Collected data
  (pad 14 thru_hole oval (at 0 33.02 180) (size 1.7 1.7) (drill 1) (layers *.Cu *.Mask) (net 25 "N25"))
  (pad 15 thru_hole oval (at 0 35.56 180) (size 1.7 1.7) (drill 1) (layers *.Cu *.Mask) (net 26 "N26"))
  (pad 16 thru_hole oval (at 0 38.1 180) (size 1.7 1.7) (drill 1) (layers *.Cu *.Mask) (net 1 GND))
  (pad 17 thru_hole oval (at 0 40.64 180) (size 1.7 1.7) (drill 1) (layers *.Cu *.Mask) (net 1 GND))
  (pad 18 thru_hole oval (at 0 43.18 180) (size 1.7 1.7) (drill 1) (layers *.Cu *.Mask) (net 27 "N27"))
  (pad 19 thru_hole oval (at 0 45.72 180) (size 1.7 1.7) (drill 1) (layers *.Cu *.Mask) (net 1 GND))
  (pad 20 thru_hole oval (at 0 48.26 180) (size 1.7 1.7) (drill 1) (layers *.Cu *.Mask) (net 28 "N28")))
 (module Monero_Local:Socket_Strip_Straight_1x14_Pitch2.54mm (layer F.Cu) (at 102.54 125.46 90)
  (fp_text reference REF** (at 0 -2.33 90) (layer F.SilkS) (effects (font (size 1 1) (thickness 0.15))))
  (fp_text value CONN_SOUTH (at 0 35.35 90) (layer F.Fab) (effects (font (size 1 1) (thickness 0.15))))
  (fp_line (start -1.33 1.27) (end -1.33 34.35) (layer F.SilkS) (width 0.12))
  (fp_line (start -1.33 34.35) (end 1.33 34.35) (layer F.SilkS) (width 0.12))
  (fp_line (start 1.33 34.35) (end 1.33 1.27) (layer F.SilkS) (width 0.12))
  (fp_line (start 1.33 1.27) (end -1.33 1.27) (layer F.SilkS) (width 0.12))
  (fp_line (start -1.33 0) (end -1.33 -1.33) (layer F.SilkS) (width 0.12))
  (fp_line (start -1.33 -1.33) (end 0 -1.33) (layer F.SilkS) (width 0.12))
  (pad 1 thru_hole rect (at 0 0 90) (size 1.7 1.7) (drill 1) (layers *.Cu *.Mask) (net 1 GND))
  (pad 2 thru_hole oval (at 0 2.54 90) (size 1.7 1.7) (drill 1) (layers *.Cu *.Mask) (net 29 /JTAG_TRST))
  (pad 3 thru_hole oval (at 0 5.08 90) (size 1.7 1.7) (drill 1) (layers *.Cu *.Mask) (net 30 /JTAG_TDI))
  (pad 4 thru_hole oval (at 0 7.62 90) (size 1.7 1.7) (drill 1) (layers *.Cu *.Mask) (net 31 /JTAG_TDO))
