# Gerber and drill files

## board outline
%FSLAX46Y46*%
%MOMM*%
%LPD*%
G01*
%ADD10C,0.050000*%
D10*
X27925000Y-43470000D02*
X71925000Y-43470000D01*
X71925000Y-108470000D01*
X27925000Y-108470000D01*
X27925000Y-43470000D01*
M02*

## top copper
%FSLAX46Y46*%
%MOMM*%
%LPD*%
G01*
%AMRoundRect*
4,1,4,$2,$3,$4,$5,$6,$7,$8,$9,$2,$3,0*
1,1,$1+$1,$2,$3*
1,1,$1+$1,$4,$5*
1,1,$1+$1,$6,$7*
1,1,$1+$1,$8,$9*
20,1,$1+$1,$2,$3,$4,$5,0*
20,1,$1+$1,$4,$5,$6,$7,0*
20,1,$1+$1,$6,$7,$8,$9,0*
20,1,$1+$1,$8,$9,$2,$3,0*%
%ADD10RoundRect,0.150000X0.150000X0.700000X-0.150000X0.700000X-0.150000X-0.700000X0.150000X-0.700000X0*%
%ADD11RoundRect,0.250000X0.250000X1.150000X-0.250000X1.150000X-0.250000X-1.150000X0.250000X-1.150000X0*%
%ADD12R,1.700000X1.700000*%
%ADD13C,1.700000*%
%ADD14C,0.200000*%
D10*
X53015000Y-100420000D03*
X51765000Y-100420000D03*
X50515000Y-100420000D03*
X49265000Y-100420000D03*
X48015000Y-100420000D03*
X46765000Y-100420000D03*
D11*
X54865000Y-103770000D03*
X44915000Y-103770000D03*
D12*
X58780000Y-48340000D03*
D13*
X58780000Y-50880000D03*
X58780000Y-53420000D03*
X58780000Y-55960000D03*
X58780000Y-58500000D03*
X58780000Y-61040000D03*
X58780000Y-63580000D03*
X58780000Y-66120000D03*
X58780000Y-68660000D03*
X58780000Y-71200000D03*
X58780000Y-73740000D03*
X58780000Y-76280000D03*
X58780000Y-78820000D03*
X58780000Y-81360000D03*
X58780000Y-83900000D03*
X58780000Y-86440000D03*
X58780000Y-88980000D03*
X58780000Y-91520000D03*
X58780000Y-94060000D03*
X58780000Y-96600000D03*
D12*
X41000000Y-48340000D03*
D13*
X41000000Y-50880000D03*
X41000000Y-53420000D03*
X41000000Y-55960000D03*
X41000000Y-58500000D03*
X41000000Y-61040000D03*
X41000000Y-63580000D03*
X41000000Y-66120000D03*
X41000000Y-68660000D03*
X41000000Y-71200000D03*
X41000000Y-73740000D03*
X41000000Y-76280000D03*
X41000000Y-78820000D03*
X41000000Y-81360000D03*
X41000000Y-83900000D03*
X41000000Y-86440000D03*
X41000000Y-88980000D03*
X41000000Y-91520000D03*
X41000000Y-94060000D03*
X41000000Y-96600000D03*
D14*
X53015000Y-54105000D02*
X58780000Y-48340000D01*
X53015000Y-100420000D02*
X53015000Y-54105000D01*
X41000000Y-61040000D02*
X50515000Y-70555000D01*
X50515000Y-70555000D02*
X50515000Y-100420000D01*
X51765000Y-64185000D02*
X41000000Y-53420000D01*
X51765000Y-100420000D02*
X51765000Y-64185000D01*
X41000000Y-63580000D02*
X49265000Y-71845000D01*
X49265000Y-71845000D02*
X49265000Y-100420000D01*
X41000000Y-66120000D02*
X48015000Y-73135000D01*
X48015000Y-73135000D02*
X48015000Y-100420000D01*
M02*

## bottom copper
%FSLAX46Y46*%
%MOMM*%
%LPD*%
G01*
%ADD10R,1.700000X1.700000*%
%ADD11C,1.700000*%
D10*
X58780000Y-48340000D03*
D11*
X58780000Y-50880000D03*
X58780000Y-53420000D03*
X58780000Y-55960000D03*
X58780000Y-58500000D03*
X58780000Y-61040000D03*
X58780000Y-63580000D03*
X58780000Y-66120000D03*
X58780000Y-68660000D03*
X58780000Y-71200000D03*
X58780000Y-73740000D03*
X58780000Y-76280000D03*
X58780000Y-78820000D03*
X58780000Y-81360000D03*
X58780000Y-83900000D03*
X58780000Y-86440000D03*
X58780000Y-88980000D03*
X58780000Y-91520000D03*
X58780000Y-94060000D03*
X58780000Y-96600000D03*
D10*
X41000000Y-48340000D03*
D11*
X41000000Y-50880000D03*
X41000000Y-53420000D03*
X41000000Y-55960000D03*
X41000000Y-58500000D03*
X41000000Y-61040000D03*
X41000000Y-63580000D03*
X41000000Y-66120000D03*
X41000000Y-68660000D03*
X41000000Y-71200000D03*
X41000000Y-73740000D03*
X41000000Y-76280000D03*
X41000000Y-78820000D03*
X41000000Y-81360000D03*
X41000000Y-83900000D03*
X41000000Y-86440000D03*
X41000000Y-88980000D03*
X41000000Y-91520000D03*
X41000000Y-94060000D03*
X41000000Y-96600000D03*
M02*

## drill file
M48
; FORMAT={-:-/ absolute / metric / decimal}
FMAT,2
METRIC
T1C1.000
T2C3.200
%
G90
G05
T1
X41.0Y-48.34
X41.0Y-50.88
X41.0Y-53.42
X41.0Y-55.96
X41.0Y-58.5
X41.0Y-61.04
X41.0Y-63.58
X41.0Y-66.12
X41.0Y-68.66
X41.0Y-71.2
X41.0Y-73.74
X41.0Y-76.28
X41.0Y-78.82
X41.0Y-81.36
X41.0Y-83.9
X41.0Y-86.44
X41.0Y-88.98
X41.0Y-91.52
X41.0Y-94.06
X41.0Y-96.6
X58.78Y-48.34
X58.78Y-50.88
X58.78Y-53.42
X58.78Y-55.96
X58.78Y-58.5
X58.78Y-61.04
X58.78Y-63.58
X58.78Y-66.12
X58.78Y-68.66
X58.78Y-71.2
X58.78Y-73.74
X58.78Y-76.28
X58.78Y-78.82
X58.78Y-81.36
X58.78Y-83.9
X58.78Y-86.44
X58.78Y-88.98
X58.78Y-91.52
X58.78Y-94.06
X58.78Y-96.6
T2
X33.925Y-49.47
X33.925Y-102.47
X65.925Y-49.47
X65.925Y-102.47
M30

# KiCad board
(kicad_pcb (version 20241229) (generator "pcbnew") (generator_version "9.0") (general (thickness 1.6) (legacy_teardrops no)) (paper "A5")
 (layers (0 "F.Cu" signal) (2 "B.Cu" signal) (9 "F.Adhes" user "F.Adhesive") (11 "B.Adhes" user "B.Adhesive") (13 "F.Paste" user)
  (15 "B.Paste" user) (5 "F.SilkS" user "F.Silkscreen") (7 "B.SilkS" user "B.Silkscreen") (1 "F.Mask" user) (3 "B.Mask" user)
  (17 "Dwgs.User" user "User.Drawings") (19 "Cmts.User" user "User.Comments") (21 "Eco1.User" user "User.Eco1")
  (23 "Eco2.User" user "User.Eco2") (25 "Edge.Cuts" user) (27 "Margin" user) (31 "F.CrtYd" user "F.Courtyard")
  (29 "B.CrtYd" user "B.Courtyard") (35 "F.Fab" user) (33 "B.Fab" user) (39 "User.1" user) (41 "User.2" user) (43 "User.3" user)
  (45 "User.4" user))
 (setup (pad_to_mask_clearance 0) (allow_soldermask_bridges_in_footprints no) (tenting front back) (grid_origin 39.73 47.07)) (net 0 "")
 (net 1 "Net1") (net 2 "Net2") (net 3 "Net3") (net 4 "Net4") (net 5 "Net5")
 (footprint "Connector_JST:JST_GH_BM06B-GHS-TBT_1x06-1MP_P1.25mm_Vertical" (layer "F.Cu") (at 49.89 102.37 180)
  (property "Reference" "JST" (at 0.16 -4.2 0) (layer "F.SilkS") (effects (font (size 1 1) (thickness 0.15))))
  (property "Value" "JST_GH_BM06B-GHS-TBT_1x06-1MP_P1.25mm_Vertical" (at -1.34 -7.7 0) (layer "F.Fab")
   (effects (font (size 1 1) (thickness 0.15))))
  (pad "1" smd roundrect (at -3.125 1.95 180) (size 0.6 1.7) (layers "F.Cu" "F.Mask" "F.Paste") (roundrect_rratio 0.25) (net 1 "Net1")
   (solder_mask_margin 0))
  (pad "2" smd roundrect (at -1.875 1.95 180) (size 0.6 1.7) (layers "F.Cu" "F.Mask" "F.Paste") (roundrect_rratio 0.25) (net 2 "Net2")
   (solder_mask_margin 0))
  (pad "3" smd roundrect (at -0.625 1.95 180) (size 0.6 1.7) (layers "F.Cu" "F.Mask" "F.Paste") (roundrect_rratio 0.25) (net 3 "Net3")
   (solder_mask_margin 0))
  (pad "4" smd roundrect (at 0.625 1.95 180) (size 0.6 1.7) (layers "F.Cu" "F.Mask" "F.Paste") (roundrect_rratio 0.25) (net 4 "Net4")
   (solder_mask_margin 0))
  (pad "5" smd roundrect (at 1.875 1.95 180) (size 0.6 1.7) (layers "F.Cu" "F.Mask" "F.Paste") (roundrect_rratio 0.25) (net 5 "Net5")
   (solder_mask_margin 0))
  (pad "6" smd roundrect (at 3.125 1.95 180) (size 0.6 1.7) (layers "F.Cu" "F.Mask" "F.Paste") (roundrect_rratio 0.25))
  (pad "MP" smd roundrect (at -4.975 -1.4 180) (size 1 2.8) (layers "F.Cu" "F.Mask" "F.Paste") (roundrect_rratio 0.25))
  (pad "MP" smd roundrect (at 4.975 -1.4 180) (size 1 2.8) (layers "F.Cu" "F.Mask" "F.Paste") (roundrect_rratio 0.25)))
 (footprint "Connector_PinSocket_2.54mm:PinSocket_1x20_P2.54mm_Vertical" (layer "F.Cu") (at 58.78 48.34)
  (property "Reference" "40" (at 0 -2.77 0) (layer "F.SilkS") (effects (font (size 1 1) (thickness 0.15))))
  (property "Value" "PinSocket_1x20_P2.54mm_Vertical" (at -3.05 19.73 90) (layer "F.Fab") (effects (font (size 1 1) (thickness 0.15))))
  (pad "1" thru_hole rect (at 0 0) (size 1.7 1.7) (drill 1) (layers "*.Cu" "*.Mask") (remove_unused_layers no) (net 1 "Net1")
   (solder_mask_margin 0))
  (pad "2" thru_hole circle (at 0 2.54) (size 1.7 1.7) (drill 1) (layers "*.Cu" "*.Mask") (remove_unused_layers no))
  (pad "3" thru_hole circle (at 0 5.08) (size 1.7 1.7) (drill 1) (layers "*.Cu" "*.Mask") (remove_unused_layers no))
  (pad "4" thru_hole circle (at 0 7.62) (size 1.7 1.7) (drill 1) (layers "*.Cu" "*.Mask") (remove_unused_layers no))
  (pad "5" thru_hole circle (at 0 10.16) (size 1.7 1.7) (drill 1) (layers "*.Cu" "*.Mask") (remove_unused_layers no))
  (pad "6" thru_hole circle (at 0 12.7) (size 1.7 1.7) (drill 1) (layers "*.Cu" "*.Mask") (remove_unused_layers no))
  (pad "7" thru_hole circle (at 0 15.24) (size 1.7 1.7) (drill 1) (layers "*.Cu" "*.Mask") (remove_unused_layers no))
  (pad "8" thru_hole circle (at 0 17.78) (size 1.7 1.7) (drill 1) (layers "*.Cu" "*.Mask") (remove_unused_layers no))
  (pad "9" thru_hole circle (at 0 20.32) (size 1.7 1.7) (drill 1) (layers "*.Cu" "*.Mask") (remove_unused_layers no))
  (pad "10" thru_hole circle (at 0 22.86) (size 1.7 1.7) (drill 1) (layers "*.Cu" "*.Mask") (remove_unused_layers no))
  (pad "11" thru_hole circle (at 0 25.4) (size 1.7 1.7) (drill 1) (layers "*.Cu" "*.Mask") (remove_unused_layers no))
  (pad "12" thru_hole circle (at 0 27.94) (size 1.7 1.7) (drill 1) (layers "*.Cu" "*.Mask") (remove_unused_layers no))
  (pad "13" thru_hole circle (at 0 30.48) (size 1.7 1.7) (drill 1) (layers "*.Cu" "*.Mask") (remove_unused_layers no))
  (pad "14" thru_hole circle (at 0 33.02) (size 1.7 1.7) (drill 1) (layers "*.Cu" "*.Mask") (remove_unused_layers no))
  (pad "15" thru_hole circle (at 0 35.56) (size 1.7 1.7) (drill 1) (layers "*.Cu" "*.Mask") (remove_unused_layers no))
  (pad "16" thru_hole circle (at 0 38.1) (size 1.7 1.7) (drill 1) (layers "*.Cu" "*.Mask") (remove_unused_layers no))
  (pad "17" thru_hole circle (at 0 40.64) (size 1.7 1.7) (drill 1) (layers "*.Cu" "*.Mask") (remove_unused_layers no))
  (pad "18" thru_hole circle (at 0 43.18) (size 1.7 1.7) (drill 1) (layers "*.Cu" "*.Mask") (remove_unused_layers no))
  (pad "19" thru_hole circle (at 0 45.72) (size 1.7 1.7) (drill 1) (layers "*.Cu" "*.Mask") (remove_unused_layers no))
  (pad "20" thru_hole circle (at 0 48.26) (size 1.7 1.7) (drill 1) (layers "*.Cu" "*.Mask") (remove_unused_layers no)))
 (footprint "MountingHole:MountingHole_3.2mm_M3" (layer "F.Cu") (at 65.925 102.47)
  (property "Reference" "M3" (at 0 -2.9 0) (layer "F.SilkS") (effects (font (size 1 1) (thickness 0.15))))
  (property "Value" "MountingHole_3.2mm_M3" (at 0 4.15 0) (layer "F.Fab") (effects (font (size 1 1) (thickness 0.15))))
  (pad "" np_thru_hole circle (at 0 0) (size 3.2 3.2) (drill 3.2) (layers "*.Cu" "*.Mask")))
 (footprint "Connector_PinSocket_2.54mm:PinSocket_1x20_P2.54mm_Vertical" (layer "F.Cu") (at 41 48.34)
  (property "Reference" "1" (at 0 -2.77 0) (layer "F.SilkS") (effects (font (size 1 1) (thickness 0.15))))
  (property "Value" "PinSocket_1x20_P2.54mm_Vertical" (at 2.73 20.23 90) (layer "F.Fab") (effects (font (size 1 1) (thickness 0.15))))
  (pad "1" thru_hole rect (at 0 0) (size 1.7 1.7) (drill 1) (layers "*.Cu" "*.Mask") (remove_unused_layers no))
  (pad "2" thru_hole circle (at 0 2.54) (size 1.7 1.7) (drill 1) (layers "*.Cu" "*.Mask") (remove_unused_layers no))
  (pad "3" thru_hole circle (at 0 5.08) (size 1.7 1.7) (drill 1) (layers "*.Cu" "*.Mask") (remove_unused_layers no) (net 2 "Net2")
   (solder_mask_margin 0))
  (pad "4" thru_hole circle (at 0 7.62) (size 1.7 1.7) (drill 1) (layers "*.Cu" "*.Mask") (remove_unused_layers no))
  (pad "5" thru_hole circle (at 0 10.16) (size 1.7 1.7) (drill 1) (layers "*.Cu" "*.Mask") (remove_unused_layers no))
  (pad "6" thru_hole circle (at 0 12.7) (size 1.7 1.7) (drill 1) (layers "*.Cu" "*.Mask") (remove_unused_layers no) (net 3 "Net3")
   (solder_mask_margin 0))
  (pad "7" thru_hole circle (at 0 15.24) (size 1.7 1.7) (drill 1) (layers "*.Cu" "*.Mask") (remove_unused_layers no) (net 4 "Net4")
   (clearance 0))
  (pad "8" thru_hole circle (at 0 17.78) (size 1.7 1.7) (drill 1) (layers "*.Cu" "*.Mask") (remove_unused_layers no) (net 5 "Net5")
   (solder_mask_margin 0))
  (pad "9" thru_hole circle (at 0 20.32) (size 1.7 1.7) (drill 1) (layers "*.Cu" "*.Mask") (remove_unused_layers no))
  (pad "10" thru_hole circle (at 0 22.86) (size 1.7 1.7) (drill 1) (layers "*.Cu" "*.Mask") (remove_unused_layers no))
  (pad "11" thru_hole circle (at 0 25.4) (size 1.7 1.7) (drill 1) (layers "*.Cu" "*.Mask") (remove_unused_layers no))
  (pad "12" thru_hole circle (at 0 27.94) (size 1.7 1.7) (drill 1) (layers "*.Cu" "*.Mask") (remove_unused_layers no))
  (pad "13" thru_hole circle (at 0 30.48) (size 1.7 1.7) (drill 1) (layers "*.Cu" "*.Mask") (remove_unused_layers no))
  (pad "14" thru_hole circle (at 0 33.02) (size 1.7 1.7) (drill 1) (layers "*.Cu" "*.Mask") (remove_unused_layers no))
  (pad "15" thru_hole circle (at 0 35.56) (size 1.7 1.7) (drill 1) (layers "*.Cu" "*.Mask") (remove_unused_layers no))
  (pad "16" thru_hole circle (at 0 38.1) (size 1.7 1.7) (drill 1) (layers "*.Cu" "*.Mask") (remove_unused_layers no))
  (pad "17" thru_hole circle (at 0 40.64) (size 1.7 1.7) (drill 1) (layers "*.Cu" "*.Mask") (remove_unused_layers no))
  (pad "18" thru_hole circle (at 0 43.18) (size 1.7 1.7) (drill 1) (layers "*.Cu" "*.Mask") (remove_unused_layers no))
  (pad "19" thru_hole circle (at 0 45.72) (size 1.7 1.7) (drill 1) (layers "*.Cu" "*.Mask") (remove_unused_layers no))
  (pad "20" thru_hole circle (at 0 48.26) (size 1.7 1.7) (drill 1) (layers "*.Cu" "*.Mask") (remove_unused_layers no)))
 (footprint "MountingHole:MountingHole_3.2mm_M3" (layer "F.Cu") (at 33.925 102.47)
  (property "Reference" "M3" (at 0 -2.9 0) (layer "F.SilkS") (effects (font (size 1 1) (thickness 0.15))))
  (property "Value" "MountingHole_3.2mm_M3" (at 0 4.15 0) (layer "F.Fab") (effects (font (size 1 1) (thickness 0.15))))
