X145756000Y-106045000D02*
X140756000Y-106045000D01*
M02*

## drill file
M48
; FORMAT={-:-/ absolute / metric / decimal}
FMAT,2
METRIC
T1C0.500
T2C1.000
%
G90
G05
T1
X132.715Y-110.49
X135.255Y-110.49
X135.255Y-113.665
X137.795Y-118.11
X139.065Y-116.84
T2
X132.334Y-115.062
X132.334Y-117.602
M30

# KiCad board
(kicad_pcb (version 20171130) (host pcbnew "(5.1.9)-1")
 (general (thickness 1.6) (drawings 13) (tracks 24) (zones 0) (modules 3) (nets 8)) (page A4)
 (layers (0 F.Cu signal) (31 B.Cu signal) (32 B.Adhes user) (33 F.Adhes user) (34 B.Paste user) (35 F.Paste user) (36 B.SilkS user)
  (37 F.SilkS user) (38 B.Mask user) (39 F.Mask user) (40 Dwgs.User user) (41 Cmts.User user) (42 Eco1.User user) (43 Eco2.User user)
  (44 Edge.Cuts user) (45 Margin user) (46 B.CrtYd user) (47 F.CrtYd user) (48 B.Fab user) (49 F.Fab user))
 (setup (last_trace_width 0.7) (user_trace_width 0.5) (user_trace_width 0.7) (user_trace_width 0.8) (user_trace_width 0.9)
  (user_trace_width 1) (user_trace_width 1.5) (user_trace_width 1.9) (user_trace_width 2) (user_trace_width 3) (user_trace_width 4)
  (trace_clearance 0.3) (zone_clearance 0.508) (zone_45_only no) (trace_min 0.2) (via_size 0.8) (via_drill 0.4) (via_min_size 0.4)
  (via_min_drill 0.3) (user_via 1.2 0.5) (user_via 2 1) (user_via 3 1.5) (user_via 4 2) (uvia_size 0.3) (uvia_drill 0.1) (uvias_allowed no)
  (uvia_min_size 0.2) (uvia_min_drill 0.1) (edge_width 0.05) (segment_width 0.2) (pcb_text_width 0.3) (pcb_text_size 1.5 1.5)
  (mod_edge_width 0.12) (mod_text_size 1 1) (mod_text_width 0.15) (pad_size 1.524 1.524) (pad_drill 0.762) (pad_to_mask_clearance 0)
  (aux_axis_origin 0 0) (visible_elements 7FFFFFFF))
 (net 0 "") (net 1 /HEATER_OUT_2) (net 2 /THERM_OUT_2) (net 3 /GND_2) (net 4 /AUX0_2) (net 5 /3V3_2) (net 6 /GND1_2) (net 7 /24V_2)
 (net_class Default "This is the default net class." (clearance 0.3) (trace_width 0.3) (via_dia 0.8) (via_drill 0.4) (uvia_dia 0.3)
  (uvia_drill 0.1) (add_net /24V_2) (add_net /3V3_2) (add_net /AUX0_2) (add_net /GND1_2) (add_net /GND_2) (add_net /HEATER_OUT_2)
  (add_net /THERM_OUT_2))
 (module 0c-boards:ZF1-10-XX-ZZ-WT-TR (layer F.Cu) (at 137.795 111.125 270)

Required work. Find the line with "X71925000Y-43470000D01*" in the entries above. Retype it and each line after it, exactly, through the line with "20,1,$1+$1,$8,$9,$2,$3,0*%", and stop there.

Solved exercise.
X71925000Y-43470000D01*
X71925000Y-108470000D01*
X27925000Y-108470000D01*
X27925000Y-43470000D01*
M02*

## top copper
%FSLAX46Y46*%
%MOMM*%
%LPD*%
G01*
%AMRoundRect*
4,1,4,$2,$3,$4,$5,$6,$7,$8,$9,$2,$3,0*
1,1,$1+$1,$2,$3*
1,1,$1+$1,$4,$5*
1,1,$1+$1,$6,$7*
1,1,$1+$1,$8,$9*
20,1,$1+$1,$2,$3,$4,$5,0*
20,1,$1+$1,$4,$5,$6,$7,0*
20,1,$1+$1,$6,$7,$8,$9,0*
20,1,$1+$1,$8,$9,$2,$3,0*%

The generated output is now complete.